>>>>>
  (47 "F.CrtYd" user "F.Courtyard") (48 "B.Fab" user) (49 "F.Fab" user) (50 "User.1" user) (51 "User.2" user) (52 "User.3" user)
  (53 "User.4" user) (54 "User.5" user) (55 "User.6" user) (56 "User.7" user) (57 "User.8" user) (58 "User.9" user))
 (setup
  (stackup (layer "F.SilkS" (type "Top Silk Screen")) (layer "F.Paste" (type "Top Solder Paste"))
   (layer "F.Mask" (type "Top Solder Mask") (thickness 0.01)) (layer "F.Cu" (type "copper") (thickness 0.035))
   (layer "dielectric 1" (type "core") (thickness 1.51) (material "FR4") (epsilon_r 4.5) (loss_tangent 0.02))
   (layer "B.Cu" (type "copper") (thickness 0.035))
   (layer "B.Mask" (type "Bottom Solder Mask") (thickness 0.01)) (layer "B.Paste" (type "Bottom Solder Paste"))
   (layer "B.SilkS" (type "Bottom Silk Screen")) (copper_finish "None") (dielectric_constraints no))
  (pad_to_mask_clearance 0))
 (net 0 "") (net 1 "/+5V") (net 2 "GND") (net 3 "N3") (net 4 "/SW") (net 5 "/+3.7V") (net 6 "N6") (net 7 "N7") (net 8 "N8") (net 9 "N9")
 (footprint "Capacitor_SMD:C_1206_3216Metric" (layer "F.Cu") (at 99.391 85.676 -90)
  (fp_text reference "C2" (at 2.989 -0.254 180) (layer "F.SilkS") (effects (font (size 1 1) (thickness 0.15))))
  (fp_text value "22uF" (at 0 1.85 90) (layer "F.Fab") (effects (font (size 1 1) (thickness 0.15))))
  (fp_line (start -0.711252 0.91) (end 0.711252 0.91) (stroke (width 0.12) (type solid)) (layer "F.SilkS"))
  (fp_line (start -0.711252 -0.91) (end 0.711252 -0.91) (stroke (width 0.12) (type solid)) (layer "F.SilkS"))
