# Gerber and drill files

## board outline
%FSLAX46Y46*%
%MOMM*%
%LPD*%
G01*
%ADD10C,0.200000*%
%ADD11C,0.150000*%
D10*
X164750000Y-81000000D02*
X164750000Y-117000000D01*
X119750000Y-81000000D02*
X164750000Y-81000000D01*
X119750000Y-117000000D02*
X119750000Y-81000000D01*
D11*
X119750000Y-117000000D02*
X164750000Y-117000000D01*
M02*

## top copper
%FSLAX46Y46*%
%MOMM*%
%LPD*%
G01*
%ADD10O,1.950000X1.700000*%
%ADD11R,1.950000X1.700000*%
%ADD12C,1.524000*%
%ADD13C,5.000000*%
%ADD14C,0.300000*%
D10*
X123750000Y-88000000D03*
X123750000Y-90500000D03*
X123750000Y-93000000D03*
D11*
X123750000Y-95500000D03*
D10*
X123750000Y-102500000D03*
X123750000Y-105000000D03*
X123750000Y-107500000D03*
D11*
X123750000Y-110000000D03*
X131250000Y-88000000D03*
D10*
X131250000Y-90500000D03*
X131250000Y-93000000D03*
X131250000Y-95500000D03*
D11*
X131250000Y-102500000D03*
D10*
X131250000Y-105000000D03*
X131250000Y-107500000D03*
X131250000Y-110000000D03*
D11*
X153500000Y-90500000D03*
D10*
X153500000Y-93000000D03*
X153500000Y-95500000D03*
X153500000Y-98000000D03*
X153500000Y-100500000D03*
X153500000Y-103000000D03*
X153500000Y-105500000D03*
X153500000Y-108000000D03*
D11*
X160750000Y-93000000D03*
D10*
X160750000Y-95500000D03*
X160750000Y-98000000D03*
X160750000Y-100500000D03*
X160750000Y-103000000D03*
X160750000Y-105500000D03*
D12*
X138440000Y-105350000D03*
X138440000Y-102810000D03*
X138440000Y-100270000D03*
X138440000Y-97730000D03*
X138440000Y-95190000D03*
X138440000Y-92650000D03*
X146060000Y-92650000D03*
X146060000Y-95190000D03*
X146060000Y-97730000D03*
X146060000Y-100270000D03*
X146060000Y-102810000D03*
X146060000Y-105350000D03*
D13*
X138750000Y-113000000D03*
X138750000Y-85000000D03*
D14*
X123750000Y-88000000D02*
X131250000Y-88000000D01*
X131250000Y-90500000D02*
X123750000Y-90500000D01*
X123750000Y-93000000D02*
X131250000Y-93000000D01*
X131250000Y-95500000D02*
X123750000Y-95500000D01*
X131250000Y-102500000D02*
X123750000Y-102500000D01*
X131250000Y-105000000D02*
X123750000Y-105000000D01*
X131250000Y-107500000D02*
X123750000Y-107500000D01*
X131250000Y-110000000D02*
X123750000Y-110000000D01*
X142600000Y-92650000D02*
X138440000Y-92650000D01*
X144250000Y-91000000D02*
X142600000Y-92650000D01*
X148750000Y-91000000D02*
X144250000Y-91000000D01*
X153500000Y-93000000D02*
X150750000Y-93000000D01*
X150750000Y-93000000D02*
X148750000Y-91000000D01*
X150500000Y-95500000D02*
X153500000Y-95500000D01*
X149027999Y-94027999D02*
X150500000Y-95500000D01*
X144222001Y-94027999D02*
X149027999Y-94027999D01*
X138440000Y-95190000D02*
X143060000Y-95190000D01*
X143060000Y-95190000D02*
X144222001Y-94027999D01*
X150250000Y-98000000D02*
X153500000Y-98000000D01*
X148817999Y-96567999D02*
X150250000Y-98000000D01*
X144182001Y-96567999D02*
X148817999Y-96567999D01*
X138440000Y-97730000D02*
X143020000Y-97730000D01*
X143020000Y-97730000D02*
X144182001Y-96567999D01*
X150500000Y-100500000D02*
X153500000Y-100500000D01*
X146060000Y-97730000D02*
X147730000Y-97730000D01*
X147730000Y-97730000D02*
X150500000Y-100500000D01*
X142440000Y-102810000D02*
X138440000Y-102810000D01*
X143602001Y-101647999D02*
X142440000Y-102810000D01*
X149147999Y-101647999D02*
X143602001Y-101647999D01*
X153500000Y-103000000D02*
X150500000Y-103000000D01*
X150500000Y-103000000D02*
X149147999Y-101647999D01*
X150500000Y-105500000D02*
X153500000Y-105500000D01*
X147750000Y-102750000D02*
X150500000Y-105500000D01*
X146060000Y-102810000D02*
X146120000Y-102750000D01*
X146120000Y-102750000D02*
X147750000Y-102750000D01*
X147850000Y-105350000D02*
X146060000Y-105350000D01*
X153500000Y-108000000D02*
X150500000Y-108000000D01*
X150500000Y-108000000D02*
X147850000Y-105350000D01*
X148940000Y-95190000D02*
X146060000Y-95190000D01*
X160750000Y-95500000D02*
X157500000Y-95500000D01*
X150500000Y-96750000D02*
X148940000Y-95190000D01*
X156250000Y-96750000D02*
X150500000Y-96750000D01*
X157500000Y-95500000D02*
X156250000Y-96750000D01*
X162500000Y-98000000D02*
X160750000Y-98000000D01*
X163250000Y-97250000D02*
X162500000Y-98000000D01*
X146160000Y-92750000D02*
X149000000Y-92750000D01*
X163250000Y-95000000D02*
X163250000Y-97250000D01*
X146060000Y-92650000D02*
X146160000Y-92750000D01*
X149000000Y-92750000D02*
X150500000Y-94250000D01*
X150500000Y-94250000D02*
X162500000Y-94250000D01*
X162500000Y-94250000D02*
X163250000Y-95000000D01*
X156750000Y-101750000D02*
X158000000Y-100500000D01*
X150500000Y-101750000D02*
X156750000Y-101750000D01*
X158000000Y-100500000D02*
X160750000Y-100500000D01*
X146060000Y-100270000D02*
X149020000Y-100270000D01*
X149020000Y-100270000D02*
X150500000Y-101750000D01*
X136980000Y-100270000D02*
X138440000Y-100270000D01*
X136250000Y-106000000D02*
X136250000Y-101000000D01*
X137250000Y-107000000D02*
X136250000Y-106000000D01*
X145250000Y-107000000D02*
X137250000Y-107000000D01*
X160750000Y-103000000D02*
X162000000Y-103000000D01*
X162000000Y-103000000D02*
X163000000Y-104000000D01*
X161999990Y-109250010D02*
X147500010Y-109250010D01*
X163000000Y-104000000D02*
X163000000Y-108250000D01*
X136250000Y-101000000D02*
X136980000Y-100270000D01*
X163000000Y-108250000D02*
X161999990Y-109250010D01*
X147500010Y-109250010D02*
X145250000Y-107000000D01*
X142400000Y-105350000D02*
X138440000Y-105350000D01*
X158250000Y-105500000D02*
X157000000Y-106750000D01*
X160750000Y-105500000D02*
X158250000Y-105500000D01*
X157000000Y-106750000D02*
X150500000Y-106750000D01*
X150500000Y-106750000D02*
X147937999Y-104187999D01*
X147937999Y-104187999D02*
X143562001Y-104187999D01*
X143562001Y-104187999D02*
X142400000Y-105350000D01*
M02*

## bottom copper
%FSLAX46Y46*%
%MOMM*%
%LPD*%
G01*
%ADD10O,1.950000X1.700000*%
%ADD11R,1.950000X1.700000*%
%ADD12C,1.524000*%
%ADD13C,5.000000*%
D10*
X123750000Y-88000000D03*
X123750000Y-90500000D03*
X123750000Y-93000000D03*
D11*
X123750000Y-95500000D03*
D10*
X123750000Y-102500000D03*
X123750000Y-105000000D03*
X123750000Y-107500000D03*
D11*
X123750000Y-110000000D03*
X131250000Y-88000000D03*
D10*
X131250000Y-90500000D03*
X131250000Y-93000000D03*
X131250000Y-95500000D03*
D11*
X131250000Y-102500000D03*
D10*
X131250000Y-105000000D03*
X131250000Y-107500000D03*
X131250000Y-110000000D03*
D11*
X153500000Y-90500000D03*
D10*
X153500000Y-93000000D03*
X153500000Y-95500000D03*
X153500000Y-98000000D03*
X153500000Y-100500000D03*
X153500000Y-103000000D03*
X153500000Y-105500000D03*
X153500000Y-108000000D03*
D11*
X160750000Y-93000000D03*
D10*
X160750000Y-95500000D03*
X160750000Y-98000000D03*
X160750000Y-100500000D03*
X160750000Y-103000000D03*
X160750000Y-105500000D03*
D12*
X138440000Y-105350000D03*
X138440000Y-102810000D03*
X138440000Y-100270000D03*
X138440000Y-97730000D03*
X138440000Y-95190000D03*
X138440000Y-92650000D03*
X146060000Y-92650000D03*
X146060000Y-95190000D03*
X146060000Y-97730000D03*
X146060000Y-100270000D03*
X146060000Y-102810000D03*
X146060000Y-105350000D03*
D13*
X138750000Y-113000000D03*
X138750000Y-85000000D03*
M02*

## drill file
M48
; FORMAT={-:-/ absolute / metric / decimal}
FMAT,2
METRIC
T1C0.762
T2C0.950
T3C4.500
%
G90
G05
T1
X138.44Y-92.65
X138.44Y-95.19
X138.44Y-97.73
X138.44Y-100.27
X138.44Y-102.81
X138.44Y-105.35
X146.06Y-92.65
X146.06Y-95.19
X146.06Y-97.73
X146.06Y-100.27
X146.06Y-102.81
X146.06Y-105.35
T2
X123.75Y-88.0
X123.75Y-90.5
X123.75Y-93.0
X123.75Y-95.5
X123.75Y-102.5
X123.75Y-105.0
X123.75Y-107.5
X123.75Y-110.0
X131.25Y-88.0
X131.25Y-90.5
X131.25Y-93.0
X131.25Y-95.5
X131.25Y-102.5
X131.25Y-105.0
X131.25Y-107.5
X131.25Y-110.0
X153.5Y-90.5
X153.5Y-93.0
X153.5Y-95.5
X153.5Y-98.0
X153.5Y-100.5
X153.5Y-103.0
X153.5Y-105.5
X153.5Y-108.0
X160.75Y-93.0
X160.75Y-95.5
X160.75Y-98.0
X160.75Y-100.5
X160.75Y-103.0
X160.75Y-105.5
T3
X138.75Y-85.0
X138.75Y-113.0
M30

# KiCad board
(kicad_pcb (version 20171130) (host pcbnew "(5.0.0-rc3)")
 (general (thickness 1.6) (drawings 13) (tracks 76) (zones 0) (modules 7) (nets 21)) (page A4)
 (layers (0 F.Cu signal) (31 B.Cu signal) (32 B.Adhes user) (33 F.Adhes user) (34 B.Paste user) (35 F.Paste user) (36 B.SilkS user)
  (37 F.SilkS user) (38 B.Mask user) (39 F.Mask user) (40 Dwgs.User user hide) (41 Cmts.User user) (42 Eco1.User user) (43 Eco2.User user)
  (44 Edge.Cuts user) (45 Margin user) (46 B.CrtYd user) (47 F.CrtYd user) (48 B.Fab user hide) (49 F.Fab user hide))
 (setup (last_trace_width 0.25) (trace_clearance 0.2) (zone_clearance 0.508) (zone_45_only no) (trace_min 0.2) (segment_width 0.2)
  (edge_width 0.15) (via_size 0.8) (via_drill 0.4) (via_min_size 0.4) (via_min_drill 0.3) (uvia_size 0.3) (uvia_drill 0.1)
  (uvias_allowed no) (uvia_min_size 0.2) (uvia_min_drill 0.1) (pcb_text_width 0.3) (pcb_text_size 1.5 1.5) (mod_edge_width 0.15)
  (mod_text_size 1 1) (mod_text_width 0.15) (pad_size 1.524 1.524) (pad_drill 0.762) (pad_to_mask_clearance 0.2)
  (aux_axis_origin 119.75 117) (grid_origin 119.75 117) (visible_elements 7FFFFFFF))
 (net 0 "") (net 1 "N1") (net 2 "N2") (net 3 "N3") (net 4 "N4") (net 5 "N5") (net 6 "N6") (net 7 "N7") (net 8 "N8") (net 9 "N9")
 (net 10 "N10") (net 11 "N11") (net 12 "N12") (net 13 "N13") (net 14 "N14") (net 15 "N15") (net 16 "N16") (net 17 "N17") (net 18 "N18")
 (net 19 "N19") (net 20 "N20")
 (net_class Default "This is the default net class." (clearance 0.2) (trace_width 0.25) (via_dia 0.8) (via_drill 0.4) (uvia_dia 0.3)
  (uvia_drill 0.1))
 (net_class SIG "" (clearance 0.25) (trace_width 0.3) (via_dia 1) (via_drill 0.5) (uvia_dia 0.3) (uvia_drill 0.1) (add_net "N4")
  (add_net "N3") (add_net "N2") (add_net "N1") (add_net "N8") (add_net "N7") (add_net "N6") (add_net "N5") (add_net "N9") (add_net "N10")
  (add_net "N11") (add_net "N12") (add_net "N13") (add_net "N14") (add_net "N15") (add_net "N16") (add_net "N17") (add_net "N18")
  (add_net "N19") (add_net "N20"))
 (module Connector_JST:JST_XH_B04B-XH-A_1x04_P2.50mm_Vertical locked (layer B.Cu) (at 123.75 95.5 90)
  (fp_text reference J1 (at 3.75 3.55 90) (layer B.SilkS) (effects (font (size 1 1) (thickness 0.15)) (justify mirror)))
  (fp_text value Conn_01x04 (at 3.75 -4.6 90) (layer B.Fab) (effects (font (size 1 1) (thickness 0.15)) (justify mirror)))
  (pad 4 thru_hole oval (at 7.5 0 90) (size 1.7 1.95) (drill 0.95) (layers *.Cu *.Mask) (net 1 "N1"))
  (pad 3 thru_hole oval (at 5 0 90) (size 1.7 1.95) (drill 0.95) (layers *.Cu *.Mask) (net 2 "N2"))
  (pad 2 thru_hole oval (at 2.5 0 90) (size 1.7 1.95) (drill 0.95) (layers *.Cu *.Mask) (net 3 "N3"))
  (pad 1 thru_hole rect (at 0 0 90) (size 1.7 1.95) (drill 0.95) (layers *.Cu *.Mask) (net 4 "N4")))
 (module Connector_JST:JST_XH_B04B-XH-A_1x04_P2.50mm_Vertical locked (layer B.Cu) (at 123.75 110 90)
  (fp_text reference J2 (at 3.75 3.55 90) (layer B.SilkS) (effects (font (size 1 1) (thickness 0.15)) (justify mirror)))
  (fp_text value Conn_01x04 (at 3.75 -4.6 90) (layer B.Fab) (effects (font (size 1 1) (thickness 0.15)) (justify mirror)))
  (pad 4 thru_hole oval (at 7.5 0 90) (size 1.7 1.95) (drill 0.95) (layers *.Cu *.Mask) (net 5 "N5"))
  (pad 3 thru_hole oval (at 5 0 90) (size 1.7 1.95) (drill 0.95) (layers *.Cu *.Mask) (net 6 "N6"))
  (pad 2 thru_hole oval (at 2.5 0 90) (size 1.7 1.95) (drill 0.95) (layers *.Cu *.Mask) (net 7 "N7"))
  (pad 1 thru_hole rect (at 0 0 90) (size 1.7 1.95) (drill 0.95) (layers *.Cu *.Mask) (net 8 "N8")))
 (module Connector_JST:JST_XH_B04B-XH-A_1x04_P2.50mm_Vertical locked (layer F.Cu) (at 131.25 88 270)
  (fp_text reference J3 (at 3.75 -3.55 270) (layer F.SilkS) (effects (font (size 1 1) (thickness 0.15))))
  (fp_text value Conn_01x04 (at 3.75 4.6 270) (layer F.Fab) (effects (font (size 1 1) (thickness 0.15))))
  (pad 1 thru_hole rect (at 0 0 270) (size 1.7 1.95) (drill 0.95) (layers *.Cu *.Mask) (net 1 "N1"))
  (pad 2 thru_hole oval (at 2.5 0 270) (size 1.7 1.95) (drill 0.95) (layers *.Cu *.Mask) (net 2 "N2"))
  (pad 3 thru_hole oval (at 5 0 270) (size 1.7 1.95) (drill 0.95) (layers *.Cu *.Mask) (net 3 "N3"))
  (pad 4 thru_hole oval (at 7.5 0 270) (size 1.7 1.95) (drill 0.95) (layers *.Cu *.Mask) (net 4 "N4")))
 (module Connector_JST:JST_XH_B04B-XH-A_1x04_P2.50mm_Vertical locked (layer F.Cu) (at 131.25 102.5 270)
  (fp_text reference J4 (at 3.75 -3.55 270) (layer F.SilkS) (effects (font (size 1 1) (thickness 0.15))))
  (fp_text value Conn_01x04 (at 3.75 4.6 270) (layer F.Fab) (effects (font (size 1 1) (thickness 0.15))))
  (pad 1 thru_hole rect (at 0 0 270) (size 1.7 1.95) (drill 0.95) (layers *.Cu *.Mask) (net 5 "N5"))
  (pad 2 thru_hole oval (at 2.5 0 270) (size 1.7 1.95) (drill 0.95) (layers *.Cu *.Mask) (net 6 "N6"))
  (pad 3 thru_hole oval (at 5 0 270) (size 1.7 1.95) (drill 0.95) (layers *.Cu *.Mask) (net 7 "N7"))
  (pad 4 thru_hole oval (at 7.5 0 270) (size 1.7 1.95) (drill 0.95) (layers *.Cu *.Mask) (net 8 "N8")))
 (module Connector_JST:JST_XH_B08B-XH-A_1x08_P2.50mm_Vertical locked (layer F.Cu) (at 153.5 90.5 270)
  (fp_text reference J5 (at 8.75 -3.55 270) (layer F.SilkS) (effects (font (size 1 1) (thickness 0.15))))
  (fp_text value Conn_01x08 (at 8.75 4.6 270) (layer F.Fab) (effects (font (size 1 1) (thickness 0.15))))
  (pad 1 thru_hole rect (at 0 0 270) (size 1.7 1.95) (drill 0.95) (layers *.Cu *.Mask))
  (pad 2 thru_hole oval (at 2.5 0 270) (size 1.7 1.95) (drill 0.95) (layers *.Cu *.Mask) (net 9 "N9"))
  (pad 3 thru_hole oval (at 5 0 270) (size 1.7 1.95) (drill 0.95) (layers *.Cu *.Mask) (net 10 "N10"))
  (pad 4 thru_hole oval (at 7.5 0 270) (size 1.7 1.95) (drill 0.95) (layers *.Cu *.Mask) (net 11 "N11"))
  (pad 5 thru_hole oval (at 10 0 270) (size 1.7 1.95) (drill 0.95) (layers *.Cu *.Mask) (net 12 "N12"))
<<<<<
- Task description:
Above are the lines; repeat exactly the ones from the line containing "X149027999Y-94027999D01*" down to the line containing "X150500000Y-103000000D02*", both inclusive.

- Answer for this exercise:
X149027999Y-94027999D01*
X138440000Y-95190000D02*
X143060000Y-95190000D01*
X143060000Y-95190000D02*
X144222001Y-94027999D01*
X150250000Y-98000000D02*
X153500000Y-98000000D01*
X148817999Y-96567999D02*
X150250000Y-98000000D01*
X144182001Y-96567999D02*
X148817999Y-96567999D01*
X138440000Y-97730000D02*
X143020000Y-97730000D01*
X143020000Y-97730000D02*
X144182001Y-96567999D01*
X150500000Y-100500000D02*
X153500000Y-100500000D01*
X146060000Y-97730000D02*
X147730000Y-97730000D01*
X147730000Y-97730000D02*
X150500000Y-100500000D01*
X142440000Y-102810000D02*
X138440000Y-102810000D01*
X143602001Y-101647999D02*
X142440000Y-102810000D01*
X149147999Y-101647999D02*
X143602001Y-101647999D01*
X153500000Y-103000000D02*
X150500000Y-103000000D01*
X150500000Y-103000000D02*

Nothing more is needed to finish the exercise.